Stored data
== Segment start ==

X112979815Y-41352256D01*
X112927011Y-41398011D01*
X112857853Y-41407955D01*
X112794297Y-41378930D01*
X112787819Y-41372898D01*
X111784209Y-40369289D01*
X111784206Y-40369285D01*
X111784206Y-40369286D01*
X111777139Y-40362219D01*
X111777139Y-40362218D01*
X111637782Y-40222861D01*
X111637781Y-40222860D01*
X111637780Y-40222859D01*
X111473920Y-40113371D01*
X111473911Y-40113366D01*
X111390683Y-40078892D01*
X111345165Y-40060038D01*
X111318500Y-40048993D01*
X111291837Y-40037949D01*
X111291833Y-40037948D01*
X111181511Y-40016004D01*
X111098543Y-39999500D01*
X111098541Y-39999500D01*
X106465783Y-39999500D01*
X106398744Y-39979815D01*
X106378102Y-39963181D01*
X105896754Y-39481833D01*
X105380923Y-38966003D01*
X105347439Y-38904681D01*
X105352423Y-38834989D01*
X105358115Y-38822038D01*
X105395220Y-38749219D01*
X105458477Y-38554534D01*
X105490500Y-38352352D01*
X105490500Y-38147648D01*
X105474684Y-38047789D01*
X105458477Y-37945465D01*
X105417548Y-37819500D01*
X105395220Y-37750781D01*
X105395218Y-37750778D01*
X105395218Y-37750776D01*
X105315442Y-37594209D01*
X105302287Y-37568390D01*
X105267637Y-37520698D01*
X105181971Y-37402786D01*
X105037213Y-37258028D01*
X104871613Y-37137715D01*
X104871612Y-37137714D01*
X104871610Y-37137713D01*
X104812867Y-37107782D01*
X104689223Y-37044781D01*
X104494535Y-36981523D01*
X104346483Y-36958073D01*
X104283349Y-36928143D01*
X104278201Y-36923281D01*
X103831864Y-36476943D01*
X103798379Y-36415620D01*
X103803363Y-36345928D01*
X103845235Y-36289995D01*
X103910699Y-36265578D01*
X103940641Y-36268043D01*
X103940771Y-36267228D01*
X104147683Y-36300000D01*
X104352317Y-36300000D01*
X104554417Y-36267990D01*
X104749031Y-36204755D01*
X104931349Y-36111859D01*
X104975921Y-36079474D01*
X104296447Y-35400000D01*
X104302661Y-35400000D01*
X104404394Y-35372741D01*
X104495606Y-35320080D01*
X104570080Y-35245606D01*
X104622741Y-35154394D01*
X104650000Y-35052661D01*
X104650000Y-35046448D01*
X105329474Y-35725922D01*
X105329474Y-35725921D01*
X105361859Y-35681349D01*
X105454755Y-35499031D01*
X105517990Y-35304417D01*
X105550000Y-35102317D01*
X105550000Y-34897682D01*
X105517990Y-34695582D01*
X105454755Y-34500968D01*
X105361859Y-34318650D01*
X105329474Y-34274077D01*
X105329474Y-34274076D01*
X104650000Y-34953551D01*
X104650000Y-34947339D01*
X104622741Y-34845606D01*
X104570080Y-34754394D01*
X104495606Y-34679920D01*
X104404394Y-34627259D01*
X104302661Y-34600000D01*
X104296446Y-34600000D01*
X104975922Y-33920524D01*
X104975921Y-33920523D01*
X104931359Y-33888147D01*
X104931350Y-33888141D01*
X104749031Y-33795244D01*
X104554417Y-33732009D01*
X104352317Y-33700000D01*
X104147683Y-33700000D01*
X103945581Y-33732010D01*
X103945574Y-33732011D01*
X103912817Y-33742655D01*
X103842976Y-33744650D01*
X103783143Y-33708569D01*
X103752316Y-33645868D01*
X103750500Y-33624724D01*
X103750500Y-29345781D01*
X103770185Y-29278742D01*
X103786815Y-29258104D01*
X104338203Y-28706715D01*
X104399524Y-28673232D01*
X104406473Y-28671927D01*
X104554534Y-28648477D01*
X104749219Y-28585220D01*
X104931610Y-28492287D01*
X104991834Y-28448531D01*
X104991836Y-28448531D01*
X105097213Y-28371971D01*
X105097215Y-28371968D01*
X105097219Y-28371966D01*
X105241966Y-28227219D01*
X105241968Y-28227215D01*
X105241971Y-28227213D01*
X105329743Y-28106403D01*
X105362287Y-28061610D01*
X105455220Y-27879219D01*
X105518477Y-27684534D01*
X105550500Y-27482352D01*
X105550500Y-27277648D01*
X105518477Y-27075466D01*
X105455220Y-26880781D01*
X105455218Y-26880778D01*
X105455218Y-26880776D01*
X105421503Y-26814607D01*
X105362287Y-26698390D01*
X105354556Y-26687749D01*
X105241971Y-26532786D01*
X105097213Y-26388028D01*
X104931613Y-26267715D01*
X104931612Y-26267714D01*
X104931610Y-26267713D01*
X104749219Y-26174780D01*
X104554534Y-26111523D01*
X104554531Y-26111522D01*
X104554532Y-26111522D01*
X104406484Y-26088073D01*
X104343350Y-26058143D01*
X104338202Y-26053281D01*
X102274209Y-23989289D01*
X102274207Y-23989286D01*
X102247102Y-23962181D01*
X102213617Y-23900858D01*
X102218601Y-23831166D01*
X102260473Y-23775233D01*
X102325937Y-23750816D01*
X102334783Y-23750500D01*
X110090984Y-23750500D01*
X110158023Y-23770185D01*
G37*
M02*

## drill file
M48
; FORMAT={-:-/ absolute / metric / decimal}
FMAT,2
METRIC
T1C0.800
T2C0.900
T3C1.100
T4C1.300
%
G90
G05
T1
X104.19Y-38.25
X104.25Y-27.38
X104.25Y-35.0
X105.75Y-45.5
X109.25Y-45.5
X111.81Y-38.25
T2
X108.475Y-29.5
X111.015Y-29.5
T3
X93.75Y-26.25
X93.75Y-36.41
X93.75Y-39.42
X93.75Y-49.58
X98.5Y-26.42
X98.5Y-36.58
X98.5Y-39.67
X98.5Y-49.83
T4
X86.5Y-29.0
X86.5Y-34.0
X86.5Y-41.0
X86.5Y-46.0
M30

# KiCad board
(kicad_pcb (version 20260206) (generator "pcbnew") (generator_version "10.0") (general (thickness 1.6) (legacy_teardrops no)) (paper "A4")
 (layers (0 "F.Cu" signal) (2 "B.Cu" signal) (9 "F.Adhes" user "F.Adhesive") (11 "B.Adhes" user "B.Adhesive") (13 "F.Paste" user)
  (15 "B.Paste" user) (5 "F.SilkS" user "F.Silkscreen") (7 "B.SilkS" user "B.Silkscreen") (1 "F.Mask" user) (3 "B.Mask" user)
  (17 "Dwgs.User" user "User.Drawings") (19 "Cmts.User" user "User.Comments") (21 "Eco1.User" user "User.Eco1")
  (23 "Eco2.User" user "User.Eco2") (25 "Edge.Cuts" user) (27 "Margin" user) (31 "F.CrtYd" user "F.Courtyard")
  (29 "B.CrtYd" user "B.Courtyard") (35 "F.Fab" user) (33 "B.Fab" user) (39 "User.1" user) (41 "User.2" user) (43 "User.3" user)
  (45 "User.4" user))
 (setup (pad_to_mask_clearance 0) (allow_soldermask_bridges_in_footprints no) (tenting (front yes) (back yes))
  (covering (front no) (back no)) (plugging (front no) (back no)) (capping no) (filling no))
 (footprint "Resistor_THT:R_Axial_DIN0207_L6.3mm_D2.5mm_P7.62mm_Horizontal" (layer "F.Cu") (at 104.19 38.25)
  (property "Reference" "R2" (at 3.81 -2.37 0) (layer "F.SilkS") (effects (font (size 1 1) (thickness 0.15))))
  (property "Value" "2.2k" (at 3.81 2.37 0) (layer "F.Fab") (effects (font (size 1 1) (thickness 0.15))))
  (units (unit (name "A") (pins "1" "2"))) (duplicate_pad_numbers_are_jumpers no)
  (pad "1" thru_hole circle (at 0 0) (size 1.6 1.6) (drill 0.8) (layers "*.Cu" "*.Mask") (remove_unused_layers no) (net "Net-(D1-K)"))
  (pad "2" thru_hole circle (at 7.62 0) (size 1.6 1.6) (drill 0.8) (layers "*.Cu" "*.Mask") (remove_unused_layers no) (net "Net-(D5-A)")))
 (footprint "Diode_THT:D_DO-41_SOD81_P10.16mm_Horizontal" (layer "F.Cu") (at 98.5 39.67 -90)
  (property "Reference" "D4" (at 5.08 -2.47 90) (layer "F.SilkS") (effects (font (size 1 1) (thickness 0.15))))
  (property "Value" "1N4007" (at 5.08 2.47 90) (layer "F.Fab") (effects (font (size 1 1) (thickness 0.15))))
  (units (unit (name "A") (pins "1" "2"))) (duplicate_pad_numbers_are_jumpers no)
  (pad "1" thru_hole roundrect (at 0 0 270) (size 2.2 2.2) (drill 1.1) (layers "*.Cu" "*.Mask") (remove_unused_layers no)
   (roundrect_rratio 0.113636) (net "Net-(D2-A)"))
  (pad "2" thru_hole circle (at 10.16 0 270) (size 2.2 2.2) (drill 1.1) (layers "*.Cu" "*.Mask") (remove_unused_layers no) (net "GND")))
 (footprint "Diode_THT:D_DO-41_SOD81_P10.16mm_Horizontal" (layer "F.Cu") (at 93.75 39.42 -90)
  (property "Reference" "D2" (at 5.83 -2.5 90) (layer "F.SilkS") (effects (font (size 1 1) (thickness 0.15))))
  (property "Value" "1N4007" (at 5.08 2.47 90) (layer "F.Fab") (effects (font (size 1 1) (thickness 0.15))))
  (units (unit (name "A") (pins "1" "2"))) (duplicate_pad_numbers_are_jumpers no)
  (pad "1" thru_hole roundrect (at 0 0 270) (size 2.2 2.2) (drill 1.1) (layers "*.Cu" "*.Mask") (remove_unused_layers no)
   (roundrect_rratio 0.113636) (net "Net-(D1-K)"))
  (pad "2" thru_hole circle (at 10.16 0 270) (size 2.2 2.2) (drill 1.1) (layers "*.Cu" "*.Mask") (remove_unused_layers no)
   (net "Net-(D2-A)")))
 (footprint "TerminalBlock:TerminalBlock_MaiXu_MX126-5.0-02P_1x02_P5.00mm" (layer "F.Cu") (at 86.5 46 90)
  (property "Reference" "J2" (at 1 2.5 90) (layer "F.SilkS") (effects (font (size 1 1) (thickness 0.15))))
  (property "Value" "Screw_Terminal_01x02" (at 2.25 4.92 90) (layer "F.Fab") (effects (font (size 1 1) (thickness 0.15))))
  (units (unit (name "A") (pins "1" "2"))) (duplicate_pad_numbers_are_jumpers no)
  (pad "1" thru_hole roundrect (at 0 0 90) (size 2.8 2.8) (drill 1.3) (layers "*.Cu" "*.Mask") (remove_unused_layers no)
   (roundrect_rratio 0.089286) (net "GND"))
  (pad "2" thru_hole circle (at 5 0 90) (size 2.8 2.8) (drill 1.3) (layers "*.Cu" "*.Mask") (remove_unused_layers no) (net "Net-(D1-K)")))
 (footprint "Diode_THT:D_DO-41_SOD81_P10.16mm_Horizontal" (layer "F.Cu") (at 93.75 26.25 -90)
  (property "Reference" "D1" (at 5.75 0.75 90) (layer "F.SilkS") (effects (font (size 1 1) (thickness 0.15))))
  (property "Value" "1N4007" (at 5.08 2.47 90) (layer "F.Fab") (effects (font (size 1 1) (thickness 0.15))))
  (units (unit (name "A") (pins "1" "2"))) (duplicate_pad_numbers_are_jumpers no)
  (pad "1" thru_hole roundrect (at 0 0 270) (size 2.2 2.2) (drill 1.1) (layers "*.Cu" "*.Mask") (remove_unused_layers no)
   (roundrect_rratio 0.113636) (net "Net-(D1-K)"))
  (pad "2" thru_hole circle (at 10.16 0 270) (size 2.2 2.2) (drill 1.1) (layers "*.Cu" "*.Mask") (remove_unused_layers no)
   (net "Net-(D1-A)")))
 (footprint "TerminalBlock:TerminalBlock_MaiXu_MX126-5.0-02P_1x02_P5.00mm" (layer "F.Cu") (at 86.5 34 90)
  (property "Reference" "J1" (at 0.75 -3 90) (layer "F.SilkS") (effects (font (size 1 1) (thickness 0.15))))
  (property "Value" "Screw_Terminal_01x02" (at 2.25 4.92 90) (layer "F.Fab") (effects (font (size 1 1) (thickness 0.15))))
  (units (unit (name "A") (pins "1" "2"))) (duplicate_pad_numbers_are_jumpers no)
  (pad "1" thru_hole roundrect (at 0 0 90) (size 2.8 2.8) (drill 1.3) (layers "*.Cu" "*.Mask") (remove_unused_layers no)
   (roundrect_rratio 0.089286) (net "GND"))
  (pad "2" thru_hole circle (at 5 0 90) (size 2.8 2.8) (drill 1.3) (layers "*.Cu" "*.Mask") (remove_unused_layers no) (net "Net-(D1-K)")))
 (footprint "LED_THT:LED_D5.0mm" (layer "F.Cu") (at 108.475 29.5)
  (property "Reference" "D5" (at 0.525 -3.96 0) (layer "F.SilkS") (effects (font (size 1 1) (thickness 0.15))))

== Segment end ==
== Segment start ==

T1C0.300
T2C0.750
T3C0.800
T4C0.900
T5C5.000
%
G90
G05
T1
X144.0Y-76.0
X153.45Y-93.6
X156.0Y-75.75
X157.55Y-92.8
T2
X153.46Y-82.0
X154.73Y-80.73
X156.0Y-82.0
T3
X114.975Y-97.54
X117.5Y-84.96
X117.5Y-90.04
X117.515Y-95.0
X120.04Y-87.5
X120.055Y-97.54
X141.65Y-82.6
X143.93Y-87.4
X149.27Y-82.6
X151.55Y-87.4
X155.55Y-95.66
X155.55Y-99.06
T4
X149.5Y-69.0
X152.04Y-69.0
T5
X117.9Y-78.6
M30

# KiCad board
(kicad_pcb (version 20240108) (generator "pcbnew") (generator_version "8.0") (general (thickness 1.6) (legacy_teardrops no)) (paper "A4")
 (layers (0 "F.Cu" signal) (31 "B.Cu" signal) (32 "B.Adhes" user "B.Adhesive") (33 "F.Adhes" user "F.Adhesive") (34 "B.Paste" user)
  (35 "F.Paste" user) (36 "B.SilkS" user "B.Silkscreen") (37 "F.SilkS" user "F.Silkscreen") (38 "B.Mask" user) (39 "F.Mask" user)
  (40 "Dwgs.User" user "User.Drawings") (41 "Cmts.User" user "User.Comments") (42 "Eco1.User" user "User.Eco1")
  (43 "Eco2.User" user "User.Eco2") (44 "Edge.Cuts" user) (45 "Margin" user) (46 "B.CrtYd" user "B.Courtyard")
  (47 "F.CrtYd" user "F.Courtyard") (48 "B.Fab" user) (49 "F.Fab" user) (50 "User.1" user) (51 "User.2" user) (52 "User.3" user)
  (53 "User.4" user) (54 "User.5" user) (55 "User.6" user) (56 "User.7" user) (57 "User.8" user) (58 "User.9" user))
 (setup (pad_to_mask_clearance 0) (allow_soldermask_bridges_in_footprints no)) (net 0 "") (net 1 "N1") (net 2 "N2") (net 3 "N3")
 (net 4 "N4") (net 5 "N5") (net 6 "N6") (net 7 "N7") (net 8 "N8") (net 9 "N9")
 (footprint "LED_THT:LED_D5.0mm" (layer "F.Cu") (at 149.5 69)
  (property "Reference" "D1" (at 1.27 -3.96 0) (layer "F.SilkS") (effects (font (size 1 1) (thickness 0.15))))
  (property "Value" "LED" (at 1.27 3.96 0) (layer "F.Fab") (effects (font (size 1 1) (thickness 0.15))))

== Segment end ==
== Segment start ==

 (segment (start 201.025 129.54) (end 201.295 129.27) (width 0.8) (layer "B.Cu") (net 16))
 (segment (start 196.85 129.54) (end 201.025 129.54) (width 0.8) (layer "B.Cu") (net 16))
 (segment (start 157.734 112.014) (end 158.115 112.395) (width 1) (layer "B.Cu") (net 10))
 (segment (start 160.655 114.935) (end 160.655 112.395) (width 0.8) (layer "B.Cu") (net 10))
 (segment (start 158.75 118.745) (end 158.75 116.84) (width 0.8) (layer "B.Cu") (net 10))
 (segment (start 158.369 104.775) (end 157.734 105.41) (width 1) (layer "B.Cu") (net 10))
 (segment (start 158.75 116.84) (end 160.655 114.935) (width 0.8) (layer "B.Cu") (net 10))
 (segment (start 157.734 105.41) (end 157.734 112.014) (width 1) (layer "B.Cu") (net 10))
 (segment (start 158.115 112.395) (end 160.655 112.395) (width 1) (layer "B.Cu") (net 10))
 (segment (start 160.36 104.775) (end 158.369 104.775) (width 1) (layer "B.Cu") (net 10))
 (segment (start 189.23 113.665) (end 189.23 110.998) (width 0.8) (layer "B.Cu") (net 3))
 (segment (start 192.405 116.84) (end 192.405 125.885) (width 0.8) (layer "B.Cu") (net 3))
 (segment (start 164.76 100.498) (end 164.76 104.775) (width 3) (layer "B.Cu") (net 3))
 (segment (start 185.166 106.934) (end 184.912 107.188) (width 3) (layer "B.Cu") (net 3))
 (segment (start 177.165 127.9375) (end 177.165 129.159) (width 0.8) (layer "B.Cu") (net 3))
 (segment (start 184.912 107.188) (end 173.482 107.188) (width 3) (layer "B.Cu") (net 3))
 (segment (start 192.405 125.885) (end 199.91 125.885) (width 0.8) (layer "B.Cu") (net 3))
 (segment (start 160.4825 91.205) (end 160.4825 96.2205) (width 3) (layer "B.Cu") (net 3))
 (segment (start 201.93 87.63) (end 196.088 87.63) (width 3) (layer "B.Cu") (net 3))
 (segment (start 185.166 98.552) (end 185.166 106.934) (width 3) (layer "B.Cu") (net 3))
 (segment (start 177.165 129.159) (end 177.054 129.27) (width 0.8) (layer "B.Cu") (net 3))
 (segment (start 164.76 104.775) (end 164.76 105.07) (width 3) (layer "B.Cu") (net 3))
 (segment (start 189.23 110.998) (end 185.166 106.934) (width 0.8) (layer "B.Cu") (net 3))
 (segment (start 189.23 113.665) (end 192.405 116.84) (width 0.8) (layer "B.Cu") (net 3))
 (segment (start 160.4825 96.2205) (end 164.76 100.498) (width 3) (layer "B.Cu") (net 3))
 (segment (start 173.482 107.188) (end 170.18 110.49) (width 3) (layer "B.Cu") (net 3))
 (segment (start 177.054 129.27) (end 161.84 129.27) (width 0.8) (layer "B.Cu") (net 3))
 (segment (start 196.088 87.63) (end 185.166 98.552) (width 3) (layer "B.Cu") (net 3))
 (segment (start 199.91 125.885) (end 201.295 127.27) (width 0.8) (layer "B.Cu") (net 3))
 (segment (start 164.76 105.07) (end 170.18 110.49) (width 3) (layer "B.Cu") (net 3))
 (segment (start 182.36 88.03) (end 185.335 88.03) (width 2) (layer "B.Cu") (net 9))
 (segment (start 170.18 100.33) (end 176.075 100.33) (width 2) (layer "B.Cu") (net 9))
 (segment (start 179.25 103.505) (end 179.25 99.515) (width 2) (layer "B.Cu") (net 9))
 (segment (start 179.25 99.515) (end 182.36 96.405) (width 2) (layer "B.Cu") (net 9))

== Segment end ==

What you should do: Where the data above reaches the line holding "X104302661Y-34600000D01*", begin printing, and stop after the line holding "X102213617Y-23900858D01*". Each line must be reproduced exactly, with nothing else added.

Response box:
X104302661Y-34600000D01*
X104296446Y-34600000D01*
X104975922Y-33920524D01*
X104975921Y-33920523D01*
X104931359Y-33888147D01*
X104931350Y-33888141D01*
X104749031Y-33795244D01*
X104554417Y-33732009D01*
X104352317Y-33700000D01*
X104147683Y-33700000D01*
X103945581Y-33732010D01*
X103945574Y-33732011D01*
X103912817Y-33742655D01*
X103842976Y-33744650D01*
X103783143Y-33708569D01*
X103752316Y-33645868D01*
X103750500Y-33624724D01*
X103750500Y-29345781D01*
X103770185Y-29278742D01*
X103786815Y-29258104D01*
X104338203Y-28706715D01*
X104399524Y-28673232D01*
X104406473Y-28671927D01*
X104554534Y-28648477D01*
X104749219Y-28585220D01*
X104931610Y-28492287D01*
X104991834Y-28448531D01*
X104991836Y-28448531D01*
X105097213Y-28371971D01*
X105097215Y-28371968D01*
X105097219Y-28371966D01*
X105241966Y-28227219D01*
X105241968Y-28227215D01*
X105241971Y-28227213D01*
X105329743Y-28106403D01*
X105362287Y-28061610D01*
X105455220Y-27879219D01*
X105518477Y-27684534D01*
X105550500Y-27482352D01*
X105550500Y-27277648D01*
X105518477Y-27075466D01*
X105455220Y-26880781D01*
X105455218Y-26880778D01*
X105455218Y-26880776D01*
X105421503Y-26814607D01*
X105362287Y-26698390D01*
X105354556Y-26687749D01*
X105241971Y-26532786D01*
X105097213Y-26388028D01*
X104931613Y-26267715D01*
X104931612Y-26267714D01*
X104931610Y-26267713D01*
X104749219Y-26174780D01*
X104554534Y-26111523D01*
X104554531Y-26111522D01*
X104554532Y-26111522D01*
X104406484Y-26088073D01*
X104343350Y-26058143D01*
X104338202Y-26053281D01*
X102274209Y-23989289D01*
X102274207Y-23989286D01*
X102247102Y-23962181D01*
X102213617Y-23900858D01*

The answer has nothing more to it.